A Room of One's Own by Virginia Woolf (1929), describes not just the physical, but the figurative space that a writer needs to write, whether it is the little room of the mind and time which we create to write in the cafe or the physical space in the shed at the bottom of the garden.

There are so many barriers to writing or to doing anything we want to do and although we can overcome these barriers  (see Barriers to Getting Stuff Done and How to Berlin Wall Them) they still make the process more difficult for some.

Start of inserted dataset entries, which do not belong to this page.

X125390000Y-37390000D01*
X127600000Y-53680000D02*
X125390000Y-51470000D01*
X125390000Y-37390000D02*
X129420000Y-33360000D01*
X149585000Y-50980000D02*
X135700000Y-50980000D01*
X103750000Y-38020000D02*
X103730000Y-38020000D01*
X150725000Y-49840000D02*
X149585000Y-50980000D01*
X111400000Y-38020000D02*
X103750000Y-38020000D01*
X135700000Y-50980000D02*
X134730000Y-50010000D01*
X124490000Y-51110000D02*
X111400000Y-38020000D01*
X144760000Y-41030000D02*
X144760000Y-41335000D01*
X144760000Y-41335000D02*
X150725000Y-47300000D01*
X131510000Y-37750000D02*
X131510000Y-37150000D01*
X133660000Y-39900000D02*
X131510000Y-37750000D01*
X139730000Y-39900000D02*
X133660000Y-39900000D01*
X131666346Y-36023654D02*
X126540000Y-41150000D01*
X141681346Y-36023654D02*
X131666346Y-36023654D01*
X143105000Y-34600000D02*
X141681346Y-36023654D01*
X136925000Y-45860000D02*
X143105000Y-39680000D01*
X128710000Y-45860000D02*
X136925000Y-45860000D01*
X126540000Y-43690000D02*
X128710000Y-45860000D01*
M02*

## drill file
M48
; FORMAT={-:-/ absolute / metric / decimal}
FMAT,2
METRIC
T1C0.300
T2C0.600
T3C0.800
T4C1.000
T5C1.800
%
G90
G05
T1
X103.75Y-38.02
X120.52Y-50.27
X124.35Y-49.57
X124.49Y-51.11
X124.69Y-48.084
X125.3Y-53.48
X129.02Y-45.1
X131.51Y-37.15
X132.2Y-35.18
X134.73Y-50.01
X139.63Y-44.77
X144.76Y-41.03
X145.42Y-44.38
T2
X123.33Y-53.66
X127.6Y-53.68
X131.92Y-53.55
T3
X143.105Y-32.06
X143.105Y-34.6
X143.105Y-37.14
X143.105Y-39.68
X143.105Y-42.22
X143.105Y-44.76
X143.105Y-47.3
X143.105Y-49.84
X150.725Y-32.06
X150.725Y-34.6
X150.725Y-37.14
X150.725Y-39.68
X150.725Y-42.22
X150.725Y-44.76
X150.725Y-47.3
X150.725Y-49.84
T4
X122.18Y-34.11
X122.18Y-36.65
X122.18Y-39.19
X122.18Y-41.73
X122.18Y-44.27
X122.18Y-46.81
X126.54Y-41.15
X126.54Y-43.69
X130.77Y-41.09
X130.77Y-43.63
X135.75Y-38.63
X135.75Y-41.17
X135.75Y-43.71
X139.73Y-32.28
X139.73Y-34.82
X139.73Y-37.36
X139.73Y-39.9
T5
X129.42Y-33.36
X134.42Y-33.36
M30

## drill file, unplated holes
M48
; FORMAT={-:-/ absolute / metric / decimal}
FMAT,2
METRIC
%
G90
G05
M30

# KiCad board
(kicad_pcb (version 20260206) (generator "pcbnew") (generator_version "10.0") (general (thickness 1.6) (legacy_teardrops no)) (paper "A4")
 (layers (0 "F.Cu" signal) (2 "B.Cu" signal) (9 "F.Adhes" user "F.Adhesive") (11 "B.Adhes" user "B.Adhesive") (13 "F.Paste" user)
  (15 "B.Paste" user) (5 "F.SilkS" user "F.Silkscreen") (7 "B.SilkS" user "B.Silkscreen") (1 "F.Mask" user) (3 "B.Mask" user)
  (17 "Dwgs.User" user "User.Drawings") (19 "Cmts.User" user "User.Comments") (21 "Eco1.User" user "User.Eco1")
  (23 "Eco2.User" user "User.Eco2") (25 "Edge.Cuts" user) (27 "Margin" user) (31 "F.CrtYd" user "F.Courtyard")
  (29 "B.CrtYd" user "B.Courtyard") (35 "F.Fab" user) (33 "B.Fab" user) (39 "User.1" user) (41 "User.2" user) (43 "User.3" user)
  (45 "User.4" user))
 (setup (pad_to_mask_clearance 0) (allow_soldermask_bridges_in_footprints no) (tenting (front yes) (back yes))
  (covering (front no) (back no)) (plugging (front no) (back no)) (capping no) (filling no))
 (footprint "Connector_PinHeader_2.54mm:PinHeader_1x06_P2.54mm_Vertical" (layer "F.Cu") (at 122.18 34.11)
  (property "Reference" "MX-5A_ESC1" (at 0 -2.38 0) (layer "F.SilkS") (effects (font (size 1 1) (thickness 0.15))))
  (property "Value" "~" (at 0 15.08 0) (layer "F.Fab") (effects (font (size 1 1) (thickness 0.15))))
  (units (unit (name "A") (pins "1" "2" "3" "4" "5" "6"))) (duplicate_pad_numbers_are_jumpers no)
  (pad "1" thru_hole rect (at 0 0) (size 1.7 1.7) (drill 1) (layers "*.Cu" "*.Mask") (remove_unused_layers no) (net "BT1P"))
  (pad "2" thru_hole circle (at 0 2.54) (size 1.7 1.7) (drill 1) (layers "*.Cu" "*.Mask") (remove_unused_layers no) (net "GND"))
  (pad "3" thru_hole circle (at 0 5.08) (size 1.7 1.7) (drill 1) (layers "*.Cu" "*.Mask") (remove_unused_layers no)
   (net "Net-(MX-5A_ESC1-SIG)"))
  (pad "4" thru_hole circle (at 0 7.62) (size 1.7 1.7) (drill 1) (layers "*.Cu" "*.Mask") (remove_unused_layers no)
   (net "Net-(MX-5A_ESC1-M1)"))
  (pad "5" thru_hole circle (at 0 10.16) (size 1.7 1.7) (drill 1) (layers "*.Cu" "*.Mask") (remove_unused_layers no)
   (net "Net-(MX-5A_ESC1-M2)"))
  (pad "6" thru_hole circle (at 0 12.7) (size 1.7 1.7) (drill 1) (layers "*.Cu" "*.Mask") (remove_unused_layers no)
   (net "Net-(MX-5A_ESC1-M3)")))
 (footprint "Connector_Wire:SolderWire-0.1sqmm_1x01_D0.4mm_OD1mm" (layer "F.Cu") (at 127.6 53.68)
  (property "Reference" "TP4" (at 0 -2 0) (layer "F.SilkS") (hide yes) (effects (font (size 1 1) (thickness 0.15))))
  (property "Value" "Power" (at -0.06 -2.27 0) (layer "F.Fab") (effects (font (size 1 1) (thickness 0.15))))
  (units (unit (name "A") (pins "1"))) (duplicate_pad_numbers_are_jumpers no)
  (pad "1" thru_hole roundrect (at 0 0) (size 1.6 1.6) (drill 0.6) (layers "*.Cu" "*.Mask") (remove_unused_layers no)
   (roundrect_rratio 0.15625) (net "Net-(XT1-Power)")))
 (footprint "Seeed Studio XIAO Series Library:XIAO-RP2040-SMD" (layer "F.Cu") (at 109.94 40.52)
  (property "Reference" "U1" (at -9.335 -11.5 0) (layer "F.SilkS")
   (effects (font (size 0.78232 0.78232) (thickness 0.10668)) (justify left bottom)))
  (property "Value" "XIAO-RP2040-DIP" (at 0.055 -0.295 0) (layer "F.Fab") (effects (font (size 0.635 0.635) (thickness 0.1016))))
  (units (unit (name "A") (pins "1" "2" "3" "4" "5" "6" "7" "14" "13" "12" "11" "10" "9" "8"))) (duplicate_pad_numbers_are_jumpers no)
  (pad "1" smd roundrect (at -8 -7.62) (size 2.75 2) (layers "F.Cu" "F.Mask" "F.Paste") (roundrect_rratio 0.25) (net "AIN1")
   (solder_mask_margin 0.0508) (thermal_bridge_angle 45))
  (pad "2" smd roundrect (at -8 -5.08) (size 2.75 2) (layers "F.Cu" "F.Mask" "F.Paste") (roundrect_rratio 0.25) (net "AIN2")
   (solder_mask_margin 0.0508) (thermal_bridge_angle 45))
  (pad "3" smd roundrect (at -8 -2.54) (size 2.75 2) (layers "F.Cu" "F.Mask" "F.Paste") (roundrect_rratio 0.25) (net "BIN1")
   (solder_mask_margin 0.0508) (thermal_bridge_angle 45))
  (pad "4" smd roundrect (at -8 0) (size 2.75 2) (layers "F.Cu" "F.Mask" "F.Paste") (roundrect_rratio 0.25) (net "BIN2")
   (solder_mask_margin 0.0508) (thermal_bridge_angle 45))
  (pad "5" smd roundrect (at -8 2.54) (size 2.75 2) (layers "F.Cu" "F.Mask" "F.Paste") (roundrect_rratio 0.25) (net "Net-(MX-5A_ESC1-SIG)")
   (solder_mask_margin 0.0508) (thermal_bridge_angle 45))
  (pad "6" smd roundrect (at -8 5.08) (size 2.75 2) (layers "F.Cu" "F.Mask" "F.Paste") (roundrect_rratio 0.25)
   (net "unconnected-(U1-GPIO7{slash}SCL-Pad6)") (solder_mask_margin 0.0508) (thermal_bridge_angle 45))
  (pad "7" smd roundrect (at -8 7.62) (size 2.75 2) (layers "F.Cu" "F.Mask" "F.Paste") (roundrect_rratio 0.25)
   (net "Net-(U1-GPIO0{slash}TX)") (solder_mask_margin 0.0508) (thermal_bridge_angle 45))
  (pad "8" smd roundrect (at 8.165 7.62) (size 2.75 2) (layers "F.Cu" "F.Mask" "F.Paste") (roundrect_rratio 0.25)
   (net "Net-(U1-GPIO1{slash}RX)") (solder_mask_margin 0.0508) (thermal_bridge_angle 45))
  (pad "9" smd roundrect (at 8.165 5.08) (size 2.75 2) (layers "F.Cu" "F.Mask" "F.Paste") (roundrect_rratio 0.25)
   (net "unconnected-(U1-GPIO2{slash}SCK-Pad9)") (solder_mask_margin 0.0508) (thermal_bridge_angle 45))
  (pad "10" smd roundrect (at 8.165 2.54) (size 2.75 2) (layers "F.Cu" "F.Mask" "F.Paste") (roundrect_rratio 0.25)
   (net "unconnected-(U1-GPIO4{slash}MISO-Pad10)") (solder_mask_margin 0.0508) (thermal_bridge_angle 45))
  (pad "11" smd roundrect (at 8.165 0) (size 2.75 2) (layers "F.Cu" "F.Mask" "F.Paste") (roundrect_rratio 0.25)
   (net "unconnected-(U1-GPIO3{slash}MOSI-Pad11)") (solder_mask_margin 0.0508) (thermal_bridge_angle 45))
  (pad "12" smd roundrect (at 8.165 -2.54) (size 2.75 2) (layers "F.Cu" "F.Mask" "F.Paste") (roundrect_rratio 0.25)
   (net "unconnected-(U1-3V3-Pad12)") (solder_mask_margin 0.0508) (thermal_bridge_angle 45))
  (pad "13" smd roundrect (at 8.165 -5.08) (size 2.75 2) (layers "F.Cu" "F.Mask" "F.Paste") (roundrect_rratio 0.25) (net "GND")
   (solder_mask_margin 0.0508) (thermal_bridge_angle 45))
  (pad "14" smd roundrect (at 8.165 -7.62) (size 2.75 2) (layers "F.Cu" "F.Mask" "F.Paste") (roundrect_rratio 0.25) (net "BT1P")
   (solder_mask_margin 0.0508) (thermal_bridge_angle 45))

Here is how some writers write:
  1. Haruki Murikami likes something akin to a training routine for his writing (Paris Review, 2004)
  2. Maya Angelou writes in a hotel room in her hometown (The Daily Beast, 2013)
  3. Ernest Hemingway wrote in the morning (The Paris Review, 1968)
  4. Stephen King writes at the same time & place with the same routine (Open Culture, 2015 
  5. Kurt Vonnegut works from 530 to 8am (Thought Catalogue, 2015)
  6. Agatha Christie wrote in a bath (AnOther, 2015)
I thought about how I like to write. Where I write best. What I like to write on and when. And all the other little things about writing which are part of my life as a writer.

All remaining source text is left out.